_Information provided_.
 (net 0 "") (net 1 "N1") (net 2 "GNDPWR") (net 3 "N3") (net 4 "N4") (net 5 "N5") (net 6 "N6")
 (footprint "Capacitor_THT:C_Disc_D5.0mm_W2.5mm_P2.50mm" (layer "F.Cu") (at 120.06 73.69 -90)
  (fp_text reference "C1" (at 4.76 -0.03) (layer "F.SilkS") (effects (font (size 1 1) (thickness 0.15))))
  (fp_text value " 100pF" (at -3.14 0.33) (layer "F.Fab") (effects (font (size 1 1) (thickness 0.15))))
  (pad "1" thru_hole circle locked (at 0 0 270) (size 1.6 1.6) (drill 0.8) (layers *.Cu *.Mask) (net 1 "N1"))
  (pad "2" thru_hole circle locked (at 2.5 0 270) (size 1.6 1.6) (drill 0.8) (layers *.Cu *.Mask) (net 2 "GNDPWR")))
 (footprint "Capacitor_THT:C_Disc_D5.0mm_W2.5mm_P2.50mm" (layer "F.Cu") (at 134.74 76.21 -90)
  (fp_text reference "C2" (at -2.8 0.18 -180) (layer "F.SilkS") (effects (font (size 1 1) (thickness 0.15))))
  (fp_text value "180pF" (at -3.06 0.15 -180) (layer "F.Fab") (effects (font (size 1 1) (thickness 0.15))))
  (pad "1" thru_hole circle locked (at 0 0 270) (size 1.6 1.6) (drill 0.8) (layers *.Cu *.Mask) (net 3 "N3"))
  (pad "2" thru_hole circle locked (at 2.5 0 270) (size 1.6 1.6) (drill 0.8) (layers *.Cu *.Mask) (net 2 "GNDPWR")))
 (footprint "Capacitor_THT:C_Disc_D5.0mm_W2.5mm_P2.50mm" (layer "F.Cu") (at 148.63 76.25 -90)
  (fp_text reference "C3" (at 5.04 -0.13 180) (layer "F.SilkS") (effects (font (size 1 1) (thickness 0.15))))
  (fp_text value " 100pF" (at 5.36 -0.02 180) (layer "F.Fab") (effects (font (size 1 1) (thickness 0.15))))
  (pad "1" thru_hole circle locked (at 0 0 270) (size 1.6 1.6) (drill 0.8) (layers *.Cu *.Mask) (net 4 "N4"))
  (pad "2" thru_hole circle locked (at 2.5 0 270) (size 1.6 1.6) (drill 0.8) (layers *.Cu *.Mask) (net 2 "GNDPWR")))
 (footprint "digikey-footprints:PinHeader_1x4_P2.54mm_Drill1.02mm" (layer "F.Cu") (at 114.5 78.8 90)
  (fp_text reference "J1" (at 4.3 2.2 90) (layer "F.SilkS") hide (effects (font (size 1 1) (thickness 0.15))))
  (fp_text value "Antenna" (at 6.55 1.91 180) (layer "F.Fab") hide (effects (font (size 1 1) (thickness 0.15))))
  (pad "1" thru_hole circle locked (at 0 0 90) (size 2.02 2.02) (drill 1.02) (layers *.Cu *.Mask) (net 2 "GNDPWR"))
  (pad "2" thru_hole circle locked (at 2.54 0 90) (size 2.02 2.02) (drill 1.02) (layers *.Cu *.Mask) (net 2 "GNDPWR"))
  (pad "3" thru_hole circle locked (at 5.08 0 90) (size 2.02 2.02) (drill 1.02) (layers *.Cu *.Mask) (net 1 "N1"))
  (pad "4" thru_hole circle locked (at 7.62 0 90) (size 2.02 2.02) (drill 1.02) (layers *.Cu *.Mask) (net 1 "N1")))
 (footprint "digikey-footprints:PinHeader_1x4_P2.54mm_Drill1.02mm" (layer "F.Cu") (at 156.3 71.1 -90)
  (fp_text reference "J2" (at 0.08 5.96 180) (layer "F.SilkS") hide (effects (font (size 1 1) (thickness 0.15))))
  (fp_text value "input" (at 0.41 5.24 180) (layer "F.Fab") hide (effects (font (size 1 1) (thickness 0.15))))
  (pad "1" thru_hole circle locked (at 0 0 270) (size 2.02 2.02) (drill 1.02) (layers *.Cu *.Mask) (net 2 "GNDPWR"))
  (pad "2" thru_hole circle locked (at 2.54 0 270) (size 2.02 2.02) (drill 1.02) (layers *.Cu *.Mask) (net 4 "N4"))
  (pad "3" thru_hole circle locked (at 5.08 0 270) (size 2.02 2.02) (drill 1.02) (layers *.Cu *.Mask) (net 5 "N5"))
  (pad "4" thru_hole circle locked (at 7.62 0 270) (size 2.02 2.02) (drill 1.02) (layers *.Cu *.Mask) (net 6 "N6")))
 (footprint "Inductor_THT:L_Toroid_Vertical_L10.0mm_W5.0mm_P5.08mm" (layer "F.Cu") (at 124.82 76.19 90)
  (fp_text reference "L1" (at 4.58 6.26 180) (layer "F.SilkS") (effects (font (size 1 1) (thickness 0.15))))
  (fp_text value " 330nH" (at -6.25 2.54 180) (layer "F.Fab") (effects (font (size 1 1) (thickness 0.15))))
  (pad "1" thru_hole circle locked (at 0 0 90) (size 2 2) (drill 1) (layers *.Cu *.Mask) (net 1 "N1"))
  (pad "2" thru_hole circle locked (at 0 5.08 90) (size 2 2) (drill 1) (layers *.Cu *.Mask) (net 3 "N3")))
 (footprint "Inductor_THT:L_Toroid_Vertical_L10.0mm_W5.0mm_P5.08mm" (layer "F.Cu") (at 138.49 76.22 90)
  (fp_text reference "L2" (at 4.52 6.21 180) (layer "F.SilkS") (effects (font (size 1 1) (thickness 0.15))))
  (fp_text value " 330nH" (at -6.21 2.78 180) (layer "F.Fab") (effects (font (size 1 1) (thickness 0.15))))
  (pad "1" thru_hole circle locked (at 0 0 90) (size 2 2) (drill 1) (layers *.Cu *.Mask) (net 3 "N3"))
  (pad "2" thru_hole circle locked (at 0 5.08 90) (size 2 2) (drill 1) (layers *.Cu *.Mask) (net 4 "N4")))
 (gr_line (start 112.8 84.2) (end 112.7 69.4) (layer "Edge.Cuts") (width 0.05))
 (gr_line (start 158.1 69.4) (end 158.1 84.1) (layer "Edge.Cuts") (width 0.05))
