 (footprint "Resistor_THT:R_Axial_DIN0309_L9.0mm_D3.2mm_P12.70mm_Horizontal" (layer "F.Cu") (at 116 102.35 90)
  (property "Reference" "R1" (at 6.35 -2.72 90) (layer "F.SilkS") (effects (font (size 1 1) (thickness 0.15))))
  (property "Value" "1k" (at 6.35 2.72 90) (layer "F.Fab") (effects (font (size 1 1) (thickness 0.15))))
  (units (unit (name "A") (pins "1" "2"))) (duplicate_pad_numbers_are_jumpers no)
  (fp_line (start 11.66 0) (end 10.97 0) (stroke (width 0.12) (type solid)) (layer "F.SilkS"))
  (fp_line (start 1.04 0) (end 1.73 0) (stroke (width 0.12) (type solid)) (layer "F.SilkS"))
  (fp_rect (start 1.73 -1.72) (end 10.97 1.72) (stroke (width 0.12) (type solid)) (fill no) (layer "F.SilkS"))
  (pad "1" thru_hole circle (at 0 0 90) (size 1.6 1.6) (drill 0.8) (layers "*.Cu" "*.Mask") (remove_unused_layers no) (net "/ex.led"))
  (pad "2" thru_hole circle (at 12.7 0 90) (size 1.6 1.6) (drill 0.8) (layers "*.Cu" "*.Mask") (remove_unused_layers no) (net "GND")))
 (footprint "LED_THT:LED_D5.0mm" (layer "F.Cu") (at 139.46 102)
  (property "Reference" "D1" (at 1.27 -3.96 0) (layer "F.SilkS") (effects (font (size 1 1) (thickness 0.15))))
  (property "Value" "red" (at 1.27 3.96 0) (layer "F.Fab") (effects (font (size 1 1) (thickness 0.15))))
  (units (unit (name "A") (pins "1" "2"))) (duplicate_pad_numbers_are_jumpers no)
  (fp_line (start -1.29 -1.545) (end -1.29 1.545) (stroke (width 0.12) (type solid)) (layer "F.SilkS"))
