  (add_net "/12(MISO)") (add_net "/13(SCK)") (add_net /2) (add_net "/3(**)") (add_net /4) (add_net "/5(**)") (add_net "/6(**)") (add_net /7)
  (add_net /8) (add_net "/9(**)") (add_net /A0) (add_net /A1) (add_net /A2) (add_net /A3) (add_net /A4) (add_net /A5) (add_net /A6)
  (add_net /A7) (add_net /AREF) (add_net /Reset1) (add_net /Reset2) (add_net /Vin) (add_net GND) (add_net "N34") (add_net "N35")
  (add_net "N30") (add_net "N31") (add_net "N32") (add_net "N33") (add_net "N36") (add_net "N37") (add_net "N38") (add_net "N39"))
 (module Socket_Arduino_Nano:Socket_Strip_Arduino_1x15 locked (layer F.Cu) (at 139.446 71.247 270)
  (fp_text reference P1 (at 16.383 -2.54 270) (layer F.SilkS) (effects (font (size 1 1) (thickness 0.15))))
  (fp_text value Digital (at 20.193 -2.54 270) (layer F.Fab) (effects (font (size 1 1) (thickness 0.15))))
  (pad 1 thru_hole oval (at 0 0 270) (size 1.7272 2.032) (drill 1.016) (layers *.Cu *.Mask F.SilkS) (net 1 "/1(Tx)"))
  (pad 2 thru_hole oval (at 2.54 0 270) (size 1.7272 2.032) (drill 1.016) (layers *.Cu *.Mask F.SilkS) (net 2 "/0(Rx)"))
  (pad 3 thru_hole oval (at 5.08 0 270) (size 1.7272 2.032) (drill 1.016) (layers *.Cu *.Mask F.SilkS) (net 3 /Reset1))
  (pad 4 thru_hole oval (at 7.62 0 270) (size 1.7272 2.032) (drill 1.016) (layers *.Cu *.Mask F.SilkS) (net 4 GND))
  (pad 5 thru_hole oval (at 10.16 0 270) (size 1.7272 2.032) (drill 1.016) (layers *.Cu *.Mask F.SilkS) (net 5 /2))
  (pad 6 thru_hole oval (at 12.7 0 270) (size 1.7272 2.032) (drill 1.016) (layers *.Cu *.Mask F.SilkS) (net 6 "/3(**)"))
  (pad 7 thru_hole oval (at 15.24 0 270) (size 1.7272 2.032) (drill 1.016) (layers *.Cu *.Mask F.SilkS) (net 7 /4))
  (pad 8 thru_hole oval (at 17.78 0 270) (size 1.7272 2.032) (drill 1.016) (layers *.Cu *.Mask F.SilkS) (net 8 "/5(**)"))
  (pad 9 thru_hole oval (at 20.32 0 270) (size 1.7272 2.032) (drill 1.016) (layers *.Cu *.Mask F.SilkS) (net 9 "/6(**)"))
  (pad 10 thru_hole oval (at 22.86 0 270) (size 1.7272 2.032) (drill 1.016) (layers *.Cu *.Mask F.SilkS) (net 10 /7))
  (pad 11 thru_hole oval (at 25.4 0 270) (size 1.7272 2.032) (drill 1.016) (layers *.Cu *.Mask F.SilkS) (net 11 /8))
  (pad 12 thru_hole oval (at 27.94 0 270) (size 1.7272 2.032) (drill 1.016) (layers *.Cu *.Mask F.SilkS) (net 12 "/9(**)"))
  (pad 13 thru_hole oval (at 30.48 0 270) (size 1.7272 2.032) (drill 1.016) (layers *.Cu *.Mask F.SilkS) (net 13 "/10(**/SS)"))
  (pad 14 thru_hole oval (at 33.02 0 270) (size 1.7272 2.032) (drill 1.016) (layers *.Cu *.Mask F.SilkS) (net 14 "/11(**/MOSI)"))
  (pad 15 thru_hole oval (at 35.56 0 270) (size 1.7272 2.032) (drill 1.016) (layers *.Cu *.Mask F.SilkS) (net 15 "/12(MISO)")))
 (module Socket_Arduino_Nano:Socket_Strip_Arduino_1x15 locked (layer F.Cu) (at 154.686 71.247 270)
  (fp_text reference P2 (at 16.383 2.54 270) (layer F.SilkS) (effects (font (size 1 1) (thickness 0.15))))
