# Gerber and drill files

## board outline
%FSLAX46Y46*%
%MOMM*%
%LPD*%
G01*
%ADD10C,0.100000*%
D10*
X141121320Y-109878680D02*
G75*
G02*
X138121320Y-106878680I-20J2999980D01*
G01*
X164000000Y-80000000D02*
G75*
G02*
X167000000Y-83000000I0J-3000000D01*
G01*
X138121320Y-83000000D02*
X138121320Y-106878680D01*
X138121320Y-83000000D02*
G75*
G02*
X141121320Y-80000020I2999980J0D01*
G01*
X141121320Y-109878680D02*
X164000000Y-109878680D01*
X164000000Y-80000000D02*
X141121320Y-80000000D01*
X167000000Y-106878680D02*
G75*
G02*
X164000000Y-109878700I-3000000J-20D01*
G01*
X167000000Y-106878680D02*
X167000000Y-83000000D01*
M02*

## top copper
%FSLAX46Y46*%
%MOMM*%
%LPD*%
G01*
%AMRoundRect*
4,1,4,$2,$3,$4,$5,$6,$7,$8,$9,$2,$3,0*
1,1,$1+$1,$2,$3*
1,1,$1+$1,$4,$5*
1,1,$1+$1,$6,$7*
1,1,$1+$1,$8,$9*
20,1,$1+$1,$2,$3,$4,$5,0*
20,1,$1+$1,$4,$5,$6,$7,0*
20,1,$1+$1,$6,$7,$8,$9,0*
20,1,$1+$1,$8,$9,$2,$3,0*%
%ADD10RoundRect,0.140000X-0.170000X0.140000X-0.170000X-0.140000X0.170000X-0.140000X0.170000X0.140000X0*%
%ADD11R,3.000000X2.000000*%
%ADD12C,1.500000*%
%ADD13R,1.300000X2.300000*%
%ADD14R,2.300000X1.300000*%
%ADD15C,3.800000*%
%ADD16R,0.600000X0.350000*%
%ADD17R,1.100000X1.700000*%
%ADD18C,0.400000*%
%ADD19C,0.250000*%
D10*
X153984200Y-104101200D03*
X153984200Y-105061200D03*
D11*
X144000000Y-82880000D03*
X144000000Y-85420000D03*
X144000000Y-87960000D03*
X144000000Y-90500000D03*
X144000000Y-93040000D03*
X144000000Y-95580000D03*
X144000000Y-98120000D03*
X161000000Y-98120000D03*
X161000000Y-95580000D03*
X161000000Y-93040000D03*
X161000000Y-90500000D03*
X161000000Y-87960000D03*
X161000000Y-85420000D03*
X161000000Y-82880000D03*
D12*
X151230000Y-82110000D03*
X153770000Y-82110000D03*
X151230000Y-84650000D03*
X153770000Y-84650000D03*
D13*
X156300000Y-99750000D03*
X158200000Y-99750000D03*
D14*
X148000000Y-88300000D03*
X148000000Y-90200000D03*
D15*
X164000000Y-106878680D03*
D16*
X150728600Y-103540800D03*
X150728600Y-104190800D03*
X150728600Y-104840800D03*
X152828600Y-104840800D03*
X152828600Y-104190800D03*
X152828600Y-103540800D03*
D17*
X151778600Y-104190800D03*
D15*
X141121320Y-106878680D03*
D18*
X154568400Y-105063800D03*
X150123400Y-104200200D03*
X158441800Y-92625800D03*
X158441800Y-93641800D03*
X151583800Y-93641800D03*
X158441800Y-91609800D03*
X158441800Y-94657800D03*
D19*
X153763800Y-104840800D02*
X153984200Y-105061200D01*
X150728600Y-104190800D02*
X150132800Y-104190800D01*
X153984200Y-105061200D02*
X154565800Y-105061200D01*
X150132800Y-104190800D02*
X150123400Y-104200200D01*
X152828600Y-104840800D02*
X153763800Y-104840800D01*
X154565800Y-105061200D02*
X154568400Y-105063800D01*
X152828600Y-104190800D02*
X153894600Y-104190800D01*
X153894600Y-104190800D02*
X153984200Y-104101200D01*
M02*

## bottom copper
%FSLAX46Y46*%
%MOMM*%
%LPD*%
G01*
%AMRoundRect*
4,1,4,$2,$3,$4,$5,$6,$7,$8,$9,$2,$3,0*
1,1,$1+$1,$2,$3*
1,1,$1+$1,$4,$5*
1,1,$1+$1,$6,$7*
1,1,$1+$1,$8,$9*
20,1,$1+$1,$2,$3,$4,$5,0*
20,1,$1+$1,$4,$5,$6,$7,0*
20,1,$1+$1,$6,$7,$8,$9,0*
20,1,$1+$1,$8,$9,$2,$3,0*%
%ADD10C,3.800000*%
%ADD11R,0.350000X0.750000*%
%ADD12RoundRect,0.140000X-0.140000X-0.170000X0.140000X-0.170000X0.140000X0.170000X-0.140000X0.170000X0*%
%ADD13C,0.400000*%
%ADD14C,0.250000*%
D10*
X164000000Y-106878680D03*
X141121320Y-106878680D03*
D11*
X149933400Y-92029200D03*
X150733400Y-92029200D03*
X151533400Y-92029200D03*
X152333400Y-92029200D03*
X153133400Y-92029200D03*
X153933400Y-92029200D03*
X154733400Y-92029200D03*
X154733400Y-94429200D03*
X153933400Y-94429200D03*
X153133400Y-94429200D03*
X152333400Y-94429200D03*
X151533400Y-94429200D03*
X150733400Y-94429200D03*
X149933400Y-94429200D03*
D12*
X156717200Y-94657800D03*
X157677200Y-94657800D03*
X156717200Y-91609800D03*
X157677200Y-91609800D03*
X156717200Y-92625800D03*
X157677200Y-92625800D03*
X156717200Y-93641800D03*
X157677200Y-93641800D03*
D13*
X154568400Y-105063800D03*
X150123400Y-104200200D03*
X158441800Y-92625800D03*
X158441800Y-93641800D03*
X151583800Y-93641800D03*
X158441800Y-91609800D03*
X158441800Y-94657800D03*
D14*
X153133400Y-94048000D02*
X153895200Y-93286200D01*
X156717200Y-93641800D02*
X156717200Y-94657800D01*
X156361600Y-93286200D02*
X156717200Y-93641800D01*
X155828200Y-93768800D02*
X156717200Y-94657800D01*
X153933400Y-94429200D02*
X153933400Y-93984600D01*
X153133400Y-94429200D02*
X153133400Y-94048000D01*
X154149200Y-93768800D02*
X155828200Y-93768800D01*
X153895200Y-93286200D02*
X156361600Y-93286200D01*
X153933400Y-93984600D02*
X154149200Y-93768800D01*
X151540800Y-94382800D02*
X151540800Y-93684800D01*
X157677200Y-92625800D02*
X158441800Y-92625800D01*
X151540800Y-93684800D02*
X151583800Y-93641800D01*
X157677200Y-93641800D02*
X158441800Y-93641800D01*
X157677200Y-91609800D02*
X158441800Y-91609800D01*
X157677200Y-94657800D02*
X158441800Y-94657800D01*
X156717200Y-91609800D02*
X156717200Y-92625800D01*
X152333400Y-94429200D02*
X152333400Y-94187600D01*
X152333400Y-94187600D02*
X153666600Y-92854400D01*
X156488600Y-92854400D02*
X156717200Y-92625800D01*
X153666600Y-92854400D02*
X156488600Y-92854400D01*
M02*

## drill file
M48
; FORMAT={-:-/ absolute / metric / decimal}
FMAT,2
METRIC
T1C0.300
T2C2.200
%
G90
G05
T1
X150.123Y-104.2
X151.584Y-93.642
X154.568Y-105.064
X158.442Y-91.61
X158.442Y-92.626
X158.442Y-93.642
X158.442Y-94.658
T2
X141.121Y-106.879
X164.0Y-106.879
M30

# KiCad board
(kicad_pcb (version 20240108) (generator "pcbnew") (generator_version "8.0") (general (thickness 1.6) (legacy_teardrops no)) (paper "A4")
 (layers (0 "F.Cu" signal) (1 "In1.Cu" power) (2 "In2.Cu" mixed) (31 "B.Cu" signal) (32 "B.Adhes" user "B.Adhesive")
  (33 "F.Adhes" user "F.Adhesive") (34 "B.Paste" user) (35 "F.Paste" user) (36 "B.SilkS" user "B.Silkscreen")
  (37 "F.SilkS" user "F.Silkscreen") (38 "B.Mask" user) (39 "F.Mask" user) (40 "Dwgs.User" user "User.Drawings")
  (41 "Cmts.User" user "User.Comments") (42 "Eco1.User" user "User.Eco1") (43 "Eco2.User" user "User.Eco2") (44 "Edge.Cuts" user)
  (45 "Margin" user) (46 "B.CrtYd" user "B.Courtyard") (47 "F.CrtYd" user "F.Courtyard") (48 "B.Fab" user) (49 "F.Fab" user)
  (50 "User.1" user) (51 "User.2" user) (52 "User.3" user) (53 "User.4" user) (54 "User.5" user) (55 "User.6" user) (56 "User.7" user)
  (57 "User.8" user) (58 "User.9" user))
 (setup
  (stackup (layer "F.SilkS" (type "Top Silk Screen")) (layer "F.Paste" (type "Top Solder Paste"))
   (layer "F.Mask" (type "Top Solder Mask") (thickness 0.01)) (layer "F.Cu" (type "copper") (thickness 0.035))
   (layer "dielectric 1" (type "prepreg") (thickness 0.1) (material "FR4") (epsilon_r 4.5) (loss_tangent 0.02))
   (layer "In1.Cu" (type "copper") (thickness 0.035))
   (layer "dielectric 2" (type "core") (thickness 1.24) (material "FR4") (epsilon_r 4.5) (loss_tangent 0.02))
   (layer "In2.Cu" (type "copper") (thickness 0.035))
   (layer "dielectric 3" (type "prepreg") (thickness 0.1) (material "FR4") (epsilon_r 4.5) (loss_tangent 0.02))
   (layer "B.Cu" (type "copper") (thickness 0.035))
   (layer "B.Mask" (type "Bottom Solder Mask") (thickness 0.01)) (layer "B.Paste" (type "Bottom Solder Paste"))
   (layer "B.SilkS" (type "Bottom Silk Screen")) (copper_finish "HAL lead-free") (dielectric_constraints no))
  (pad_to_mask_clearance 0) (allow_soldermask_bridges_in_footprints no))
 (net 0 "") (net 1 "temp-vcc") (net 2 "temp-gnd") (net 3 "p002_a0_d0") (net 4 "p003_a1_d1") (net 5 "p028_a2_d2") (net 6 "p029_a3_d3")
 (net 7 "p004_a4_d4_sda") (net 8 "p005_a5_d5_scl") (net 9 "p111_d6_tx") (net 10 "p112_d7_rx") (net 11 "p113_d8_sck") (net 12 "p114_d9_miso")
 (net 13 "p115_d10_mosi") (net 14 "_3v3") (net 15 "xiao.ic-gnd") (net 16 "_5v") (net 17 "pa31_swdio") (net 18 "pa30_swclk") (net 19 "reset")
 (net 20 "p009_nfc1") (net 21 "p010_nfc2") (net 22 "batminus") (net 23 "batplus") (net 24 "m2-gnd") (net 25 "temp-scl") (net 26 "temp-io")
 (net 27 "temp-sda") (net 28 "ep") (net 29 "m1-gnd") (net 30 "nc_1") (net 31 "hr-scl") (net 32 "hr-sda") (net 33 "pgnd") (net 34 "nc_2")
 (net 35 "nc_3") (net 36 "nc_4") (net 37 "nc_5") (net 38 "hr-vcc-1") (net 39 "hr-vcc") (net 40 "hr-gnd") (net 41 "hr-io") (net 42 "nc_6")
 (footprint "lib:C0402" (layer "F.Cu") (at 153.9842 104.5812 -90)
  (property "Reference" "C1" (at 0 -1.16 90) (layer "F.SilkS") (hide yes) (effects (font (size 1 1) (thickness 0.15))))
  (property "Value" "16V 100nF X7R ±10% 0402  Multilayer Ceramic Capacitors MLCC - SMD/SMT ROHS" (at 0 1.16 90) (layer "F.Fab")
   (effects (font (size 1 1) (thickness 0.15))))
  (pad "1" smd roundrect (at -0.48 0 270) (size 0.56 0.62) (layers "F.Cu" "F.Paste" "F.Mask") (roundrect_rratio 0.25) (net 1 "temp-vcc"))
  (pad "2" smd roundrect (at 0.48 0 270) (size 0.56 0.62) (layers "F.Cu" "F.Paste" "F.Mask") (roundrect_rratio 0.25) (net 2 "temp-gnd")))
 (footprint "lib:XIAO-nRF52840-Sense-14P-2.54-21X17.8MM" (layer "F.Cu") (at 152.5 90.5)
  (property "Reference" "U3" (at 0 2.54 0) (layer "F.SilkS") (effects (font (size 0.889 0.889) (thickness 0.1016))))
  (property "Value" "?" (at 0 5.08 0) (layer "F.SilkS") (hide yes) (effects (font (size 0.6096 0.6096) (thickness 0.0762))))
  (pad "1" smd rect (at -8.5 -7.62) (size 3 2) (layers "F.Cu" "F.Paste" "F.Mask") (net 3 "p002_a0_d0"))
  (pad "2" smd rect (at -8.5 -5.08) (size 3 2) (layers "F.Cu" "F.Paste" "F.Mask") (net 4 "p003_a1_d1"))
  (pad "3" smd rect (at -8.5 -2.54) (size 3 2) (layers "F.Cu" "F.Paste" "F.Mask") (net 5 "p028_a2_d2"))
  (pad "4" smd rect (at -8.5 0) (size 3 2) (layers "F.Cu" "F.Paste" "F.Mask") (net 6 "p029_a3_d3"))
  (pad "5" smd rect (at -8.5 2.54) (size 3 2) (layers "F.Cu" "F.Paste" "F.Mask") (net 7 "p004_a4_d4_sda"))
  (pad "6" smd rect (at -8.5 5.08 180) (size 3 2) (layers "F.Cu" "F.Paste" "F.Mask") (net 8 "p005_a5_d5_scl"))
  (pad "7" smd rect (at -8.5 7.62) (size 3 2) (layers "F.Cu" "F.Paste" "F.Mask") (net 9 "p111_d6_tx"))
  (pad "8" smd rect (at 8.5 7.62) (size 3 2) (layers "F.Cu" "F.Paste" "F.Mask") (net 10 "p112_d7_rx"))
  (pad "9" smd rect (at 8.5 5.08) (size 3 2) (layers "F.Cu" "F.Paste" "F.Mask") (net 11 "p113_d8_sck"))
  (pad "10" smd rect (at 8.5 2.54) (size 3 2) (layers "F.Cu" "F.Paste" "F.Mask") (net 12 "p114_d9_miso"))
  (pad "11" smd rect (at 8.5 0) (size 3 2) (layers "F.Cu" "F.Paste" "F.Mask") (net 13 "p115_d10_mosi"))
  (pad "12" smd rect (at 8.5 -2.54) (size 3 2) (layers "F.Cu" "F.Paste" "F.Mask") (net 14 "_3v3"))
  (pad "13" smd rect (at 8.5 -5.08) (size 3 2) (layers "F.Cu" "F.Paste" "F.Mask") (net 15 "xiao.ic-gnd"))
  (pad "14" smd rect (at 8.5 -7.62) (size 3 2) (layers "F.Cu" "F.Paste" "F.Mask") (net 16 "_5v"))
  (pad "15" smd circle (at -1.27 -8.39 90) (size 1.5 1.5) (layers "F.Cu" "F.Paste" "F.Mask") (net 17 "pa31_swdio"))
  (pad "16" smd circle (at 1.27 -8.39 90) (size 1.5 1.5) (layers "F.Cu" "F.Paste" "F.Mask") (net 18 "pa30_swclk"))
  (pad "17" smd circle (at -1.27 -5.85 90) (size 1.5 1.5) (layers "F.Cu" "F.Paste" "F.Mask") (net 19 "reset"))
  (pad "18" smd circle (at 1.27 -5.85 90) (size 1.5 1.5) (layers "F.Cu" "F.Paste" "F.Mask") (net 15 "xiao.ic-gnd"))
  (pad "19" smd rect (at 3.8 9.25 90) (size 2.3 1.3) (layers "F.Cu" "F.Paste" "F.Mask") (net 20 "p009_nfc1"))
  (pad "20" smd rect (at 5.7 9.25 90) (size 2.3 1.3) (layers "F.Cu" "F.Paste" "F.Mask") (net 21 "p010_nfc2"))
  (pad "21" smd rect (at -4.5 -2.2 180) (size 2.3 1.3) (layers "F.Cu" "F.Paste" "F.Mask") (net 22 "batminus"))
  (pad "22" smd rect (at -4.5 -0.3 180) (size 2.3 1.3) (layers "F.Cu" "F.Paste" "F.Mask") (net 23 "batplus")))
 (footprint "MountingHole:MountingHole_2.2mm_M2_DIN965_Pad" (layer "F.Cu") (at 164 106.87868)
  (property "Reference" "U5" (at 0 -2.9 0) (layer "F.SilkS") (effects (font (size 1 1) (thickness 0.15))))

_What is expected_.
Copy exactly the opening line of the material, the line bearing "(at -2.8 0.18", and every line between them. Include nothing else.

_Reply_.
 (net 0 "") (net 1 "N1") (net 2 "GNDPWR") (net 3 "N3") (net 4 "N4") (net 5 "N5") (net 6 "N6")
 (footprint "Capacitor_THT:C_Disc_D5.0mm_W2.5mm_P2.50mm" (layer "F.Cu") (at 120.06 73.69 -90)
  (fp_text reference "C1" (at 4.76 -0.03) (layer "F.SilkS") (effects (font (size 1 1) (thickness 0.15))))
  (fp_text value " 100pF" (at -3.14 0.33) (layer "F.Fab") (effects (font (size 1 1) (thickness 0.15))))
  (pad "1" thru_hole circle locked (at 0 0 270) (size 1.6 1.6) (drill 0.8) (layers *.Cu *.Mask) (net 1 "N1"))
  (pad "2" thru_hole circle locked (at 2.5 0 270) (size 1.6 1.6) (drill 0.8) (layers *.Cu *.Mask) (net 2 "GNDPWR")))
 (footprint "Capacitor_THT:C_Disc_D5.0mm_W2.5mm_P2.50mm" (layer "F.Cu") (at 134.74 76.21 -90)
  (fp_text reference "C2" (at -2.8 0.18 -180) (layer "F.SilkS") (effects (font (size 1 1) (thickness 0.15))))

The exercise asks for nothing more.